Exercise objective:
If a line includes the word "tenting", it belongs in the count; state the total for the data below and add nothing.

*** Opening of Data in this exercise ***

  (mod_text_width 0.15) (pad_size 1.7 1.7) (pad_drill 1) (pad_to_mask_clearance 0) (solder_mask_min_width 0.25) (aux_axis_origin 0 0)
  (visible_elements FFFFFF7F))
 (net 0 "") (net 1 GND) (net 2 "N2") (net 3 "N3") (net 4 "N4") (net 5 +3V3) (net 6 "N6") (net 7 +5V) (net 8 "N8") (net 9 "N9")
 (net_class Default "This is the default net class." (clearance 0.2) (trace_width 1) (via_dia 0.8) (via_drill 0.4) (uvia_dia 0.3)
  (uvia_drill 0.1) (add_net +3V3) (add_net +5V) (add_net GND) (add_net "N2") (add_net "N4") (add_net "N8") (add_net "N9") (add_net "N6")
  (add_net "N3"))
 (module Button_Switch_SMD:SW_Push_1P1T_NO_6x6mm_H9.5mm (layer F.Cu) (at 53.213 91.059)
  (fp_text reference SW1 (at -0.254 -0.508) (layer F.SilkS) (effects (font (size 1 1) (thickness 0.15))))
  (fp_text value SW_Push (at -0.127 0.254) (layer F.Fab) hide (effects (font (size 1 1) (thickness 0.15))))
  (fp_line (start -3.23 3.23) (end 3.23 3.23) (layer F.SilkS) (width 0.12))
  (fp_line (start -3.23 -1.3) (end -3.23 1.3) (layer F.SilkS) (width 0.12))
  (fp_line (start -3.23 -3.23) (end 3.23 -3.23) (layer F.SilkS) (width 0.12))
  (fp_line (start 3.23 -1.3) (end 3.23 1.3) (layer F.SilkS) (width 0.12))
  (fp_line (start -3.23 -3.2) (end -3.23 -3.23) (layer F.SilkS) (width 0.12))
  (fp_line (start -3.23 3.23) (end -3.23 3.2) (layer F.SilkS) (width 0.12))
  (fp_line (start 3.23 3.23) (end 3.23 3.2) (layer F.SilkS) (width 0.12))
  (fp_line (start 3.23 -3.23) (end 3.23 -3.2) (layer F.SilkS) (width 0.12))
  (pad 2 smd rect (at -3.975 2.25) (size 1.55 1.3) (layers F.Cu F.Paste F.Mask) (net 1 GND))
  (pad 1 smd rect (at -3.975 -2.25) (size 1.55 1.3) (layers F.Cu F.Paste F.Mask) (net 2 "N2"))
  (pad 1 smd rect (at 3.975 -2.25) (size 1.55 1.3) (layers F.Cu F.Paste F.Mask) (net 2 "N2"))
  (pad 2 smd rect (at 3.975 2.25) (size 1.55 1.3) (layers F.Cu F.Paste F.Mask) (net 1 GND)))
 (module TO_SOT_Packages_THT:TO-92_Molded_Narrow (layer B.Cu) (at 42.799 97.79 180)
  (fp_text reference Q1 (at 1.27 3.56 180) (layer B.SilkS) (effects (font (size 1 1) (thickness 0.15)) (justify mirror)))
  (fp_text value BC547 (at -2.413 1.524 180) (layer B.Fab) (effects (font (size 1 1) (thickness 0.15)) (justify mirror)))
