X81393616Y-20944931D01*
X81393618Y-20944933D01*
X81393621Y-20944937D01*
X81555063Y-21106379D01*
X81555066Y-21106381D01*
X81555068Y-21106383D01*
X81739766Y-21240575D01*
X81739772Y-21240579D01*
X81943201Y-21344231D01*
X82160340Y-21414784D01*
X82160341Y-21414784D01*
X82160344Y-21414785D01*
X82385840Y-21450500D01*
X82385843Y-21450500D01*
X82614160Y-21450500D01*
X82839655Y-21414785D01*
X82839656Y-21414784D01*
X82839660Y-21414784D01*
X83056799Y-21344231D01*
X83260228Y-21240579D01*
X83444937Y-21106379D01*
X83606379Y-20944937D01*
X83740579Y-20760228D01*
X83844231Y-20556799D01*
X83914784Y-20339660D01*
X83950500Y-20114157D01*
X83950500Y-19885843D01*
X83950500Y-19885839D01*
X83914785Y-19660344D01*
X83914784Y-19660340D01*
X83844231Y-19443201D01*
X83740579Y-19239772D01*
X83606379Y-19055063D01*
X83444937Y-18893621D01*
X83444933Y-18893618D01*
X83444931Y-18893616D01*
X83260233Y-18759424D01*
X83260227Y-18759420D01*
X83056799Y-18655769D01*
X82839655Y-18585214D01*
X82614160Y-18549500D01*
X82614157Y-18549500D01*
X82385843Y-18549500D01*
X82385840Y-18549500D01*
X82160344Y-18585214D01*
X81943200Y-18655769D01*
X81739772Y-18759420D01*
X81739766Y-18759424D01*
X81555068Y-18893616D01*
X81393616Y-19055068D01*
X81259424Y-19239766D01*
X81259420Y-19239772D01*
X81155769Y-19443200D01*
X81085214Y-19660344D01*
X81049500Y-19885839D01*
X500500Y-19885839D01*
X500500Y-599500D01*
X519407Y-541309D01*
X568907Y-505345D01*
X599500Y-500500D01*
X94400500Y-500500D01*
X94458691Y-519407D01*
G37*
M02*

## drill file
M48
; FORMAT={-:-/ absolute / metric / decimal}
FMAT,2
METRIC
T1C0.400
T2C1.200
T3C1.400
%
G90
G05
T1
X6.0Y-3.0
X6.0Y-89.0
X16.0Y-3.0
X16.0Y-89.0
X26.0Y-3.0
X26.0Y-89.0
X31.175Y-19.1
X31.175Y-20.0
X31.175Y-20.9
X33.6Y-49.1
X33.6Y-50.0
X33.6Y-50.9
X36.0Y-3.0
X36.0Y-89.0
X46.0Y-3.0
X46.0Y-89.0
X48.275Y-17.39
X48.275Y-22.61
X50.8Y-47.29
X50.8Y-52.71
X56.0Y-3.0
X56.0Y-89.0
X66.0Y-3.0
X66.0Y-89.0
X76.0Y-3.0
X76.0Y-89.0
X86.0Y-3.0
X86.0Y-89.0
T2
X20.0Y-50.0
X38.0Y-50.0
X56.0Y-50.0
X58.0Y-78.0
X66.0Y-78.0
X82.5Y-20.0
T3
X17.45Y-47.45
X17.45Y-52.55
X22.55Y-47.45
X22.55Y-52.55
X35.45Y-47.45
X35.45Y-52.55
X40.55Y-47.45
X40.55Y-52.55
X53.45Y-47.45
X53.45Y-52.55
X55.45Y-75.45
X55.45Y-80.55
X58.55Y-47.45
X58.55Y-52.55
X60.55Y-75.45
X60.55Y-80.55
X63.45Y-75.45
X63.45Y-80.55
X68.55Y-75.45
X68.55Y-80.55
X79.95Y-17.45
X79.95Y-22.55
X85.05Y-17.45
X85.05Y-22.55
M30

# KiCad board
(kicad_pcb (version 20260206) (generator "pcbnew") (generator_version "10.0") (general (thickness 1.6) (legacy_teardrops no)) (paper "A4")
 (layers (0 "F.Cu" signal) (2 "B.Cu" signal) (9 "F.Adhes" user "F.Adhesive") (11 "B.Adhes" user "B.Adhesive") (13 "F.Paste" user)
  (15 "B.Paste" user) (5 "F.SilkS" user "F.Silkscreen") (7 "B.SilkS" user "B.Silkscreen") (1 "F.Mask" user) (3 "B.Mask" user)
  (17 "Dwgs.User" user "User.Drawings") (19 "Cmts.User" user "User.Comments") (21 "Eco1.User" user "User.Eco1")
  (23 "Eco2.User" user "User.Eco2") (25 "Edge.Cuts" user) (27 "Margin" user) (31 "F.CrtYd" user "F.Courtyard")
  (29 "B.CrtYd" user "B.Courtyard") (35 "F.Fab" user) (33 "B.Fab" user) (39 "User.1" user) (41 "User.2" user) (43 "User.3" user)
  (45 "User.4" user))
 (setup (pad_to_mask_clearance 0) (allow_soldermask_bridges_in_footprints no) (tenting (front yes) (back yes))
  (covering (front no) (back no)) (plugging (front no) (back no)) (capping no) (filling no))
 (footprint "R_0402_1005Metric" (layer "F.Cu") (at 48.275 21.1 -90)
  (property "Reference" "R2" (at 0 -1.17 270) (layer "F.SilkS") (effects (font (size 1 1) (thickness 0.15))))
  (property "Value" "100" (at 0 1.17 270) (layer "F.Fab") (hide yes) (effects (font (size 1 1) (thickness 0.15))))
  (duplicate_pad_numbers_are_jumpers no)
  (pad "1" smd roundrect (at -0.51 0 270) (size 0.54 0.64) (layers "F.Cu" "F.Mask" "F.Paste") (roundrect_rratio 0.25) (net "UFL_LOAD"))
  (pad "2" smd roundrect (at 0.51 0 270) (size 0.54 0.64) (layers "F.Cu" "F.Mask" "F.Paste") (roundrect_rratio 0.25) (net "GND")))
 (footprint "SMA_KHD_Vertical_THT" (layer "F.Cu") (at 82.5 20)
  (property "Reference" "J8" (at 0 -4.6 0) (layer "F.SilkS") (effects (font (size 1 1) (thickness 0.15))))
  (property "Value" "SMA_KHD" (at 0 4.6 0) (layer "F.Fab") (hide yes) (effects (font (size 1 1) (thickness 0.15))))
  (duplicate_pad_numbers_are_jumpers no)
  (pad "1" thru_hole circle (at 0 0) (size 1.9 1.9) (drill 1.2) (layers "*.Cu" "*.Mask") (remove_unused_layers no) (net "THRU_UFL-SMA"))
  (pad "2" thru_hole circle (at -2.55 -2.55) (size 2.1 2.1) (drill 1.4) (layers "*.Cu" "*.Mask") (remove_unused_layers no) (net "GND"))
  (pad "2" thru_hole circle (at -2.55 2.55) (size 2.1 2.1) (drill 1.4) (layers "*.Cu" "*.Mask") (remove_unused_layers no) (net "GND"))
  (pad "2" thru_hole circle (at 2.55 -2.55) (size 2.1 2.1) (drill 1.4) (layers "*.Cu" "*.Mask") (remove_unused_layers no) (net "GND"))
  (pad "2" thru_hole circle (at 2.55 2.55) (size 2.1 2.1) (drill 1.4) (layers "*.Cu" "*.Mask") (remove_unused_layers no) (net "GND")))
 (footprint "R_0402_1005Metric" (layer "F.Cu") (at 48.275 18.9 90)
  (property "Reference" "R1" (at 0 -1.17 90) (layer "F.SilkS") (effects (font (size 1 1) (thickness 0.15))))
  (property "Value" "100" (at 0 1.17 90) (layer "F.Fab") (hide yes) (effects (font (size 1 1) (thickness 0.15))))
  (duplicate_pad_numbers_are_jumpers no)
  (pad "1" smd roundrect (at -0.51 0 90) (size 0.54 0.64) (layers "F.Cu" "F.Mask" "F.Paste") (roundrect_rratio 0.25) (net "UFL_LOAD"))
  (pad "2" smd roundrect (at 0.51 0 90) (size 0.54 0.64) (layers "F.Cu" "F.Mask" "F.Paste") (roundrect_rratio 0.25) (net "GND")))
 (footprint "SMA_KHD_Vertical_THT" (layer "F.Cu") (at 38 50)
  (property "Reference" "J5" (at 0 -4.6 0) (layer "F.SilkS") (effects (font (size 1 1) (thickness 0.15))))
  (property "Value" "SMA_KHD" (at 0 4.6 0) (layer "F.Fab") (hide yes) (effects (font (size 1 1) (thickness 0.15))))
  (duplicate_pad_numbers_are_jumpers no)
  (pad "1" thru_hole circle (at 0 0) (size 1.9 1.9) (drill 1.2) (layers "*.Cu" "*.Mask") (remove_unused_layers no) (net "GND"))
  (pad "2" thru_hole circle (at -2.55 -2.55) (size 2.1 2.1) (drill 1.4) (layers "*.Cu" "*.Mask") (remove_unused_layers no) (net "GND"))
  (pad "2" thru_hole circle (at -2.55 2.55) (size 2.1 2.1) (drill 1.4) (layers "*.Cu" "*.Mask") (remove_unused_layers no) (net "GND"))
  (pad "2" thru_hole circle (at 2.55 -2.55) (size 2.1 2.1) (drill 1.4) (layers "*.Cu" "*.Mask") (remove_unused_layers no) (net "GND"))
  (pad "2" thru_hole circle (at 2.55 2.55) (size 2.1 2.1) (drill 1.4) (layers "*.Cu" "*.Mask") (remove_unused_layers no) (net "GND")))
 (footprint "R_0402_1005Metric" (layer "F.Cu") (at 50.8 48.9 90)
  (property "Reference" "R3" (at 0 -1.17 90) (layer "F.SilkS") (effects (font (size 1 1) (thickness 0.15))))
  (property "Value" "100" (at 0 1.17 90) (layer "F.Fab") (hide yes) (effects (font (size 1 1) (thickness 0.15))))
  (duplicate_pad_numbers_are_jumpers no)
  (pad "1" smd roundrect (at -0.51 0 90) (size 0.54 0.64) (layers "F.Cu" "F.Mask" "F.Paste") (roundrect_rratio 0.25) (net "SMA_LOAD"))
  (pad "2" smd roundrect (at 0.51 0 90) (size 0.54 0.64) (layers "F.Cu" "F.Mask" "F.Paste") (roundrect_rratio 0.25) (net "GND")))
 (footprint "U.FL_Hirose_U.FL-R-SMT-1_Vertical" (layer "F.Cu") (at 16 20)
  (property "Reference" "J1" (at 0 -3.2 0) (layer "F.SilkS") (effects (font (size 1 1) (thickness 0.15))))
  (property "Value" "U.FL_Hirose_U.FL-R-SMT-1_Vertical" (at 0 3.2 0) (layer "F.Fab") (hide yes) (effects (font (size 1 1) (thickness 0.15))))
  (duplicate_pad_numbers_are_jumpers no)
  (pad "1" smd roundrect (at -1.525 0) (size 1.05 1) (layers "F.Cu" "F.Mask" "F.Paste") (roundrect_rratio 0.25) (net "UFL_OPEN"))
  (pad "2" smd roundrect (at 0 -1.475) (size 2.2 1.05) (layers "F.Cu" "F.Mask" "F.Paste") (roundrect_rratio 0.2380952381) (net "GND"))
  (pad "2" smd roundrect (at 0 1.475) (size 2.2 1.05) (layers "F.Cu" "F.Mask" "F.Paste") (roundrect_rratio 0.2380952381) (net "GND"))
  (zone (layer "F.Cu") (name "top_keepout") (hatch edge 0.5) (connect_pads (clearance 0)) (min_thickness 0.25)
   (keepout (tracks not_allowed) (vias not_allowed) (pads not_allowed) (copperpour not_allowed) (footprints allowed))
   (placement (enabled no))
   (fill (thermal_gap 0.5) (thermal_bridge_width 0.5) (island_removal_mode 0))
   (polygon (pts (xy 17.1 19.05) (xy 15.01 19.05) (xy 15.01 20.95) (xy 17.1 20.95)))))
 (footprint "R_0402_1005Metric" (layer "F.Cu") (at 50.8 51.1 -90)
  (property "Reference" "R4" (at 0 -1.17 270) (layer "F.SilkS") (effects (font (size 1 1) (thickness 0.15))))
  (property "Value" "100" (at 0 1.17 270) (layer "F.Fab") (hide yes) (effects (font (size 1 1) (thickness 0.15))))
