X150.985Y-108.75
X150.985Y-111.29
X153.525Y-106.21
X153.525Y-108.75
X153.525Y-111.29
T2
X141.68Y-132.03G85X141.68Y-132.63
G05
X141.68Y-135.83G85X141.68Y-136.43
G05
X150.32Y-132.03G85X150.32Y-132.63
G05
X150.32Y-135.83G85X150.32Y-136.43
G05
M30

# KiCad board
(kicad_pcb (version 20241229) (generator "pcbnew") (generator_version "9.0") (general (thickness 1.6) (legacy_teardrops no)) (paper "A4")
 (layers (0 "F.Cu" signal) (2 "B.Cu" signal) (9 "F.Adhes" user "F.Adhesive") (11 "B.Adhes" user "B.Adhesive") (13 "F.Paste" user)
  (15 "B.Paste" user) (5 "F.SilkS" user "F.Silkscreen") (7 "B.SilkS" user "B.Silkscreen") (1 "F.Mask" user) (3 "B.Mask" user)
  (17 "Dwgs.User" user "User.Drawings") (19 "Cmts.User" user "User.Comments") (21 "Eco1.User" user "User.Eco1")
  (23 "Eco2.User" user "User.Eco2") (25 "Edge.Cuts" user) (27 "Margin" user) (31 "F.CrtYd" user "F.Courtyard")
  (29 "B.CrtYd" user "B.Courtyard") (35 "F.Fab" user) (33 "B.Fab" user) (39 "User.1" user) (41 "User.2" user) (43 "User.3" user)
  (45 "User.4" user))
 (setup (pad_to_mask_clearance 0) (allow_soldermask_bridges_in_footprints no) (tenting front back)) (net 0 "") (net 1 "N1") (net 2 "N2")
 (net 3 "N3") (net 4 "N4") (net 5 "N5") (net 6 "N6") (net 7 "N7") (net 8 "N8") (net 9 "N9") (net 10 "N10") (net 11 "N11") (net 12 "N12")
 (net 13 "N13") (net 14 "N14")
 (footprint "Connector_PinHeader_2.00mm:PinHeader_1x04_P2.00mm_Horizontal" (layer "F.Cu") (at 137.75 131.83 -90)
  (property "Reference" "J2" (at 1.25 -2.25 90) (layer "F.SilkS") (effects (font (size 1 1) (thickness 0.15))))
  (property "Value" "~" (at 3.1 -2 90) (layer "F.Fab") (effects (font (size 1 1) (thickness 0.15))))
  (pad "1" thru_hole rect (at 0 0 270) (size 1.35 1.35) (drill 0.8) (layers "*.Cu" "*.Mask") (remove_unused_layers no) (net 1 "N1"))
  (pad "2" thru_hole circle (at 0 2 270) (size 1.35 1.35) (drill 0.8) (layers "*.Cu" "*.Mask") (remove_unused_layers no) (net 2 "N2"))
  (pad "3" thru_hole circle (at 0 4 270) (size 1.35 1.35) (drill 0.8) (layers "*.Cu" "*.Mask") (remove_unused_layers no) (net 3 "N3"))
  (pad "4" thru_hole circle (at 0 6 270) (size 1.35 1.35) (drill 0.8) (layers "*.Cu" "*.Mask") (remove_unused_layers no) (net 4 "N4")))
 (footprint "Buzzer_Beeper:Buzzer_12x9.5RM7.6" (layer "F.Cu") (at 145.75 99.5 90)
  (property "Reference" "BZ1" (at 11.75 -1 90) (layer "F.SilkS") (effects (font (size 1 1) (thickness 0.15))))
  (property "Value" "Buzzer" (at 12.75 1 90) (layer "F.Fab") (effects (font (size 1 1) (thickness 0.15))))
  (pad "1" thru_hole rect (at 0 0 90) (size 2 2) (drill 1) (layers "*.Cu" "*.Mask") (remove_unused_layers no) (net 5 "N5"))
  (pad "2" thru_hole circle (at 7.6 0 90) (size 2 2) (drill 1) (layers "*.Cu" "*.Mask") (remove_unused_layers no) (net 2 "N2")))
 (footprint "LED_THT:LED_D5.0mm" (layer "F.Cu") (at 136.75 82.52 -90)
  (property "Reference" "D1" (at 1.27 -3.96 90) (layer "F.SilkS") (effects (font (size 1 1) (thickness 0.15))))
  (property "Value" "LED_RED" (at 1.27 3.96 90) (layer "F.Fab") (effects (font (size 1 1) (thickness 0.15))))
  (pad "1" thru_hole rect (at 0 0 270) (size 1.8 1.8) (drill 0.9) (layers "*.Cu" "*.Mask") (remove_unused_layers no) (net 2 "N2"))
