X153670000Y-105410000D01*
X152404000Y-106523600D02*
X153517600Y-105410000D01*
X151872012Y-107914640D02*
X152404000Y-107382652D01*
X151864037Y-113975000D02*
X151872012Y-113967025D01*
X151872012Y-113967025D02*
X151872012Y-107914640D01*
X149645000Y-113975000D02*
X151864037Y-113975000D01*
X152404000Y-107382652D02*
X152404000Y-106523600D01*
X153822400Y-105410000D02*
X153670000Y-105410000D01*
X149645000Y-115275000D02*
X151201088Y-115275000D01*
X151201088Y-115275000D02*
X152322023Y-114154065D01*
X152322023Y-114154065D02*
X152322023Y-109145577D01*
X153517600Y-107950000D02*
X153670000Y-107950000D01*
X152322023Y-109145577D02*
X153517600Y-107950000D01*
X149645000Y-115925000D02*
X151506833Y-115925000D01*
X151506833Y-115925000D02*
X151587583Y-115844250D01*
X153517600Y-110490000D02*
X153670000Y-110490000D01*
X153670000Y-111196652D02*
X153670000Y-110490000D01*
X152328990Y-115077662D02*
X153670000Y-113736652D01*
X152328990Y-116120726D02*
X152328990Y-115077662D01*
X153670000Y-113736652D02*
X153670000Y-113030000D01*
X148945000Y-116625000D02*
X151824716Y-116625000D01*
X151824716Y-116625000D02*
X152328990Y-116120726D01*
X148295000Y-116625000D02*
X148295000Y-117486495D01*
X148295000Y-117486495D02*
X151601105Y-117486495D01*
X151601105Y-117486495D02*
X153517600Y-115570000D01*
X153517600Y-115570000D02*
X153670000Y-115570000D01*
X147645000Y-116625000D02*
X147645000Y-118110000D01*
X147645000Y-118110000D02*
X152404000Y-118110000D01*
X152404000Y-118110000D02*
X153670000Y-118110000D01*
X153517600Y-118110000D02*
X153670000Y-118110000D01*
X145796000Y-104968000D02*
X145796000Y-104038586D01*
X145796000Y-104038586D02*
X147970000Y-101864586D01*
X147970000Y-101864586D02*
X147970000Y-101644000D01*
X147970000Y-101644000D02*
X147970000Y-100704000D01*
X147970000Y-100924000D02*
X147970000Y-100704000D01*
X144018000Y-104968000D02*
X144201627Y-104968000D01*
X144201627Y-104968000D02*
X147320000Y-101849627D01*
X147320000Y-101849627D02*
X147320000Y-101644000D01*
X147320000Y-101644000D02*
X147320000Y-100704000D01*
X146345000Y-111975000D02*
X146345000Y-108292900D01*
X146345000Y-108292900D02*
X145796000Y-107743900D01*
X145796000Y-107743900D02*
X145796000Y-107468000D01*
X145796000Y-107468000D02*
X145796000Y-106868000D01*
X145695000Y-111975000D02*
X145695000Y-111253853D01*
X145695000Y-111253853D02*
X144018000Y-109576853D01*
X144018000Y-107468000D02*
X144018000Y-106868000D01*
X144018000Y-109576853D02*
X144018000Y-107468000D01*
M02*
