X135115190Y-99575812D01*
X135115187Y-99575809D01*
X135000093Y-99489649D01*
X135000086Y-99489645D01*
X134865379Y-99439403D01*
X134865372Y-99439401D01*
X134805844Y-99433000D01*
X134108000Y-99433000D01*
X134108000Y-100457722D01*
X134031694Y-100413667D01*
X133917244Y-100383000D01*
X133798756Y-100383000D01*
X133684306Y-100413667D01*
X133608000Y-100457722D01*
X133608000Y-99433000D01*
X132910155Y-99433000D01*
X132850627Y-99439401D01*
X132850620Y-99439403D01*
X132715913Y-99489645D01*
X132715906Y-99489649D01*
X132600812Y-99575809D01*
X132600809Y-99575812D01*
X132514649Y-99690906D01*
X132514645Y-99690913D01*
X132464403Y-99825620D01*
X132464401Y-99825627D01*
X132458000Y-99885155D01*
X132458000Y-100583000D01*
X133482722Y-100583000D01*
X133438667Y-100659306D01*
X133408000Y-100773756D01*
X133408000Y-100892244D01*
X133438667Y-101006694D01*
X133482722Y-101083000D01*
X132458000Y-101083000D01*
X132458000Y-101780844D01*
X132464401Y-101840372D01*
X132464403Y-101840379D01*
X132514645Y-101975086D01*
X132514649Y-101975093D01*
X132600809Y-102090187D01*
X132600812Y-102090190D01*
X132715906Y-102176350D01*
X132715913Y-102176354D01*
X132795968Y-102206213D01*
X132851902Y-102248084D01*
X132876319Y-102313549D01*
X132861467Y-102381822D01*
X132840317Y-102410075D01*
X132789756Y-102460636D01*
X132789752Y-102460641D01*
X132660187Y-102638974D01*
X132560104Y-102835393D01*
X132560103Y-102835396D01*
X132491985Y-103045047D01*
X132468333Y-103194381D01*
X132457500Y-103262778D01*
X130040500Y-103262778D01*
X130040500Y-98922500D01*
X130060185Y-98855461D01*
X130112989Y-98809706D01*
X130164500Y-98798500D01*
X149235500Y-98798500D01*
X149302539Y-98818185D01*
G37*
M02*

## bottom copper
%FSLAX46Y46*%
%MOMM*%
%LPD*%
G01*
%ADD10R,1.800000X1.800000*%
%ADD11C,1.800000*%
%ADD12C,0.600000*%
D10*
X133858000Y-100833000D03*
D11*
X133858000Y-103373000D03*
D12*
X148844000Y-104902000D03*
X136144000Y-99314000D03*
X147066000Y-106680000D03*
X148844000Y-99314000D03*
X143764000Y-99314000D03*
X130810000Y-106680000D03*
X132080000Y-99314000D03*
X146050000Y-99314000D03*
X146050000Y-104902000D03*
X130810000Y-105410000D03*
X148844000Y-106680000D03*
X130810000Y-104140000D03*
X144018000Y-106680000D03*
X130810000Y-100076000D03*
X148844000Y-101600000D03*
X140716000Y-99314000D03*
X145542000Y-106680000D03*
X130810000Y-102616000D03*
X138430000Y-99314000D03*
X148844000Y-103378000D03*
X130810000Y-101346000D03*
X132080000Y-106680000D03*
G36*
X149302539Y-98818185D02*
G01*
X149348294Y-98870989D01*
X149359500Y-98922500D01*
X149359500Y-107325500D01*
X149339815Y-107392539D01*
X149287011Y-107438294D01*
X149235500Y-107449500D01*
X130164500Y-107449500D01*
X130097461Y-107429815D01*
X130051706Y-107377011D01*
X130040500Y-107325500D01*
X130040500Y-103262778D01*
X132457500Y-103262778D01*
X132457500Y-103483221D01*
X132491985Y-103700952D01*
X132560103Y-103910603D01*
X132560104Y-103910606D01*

*** Close of Data in this exercise ***

Response to this exercise:
2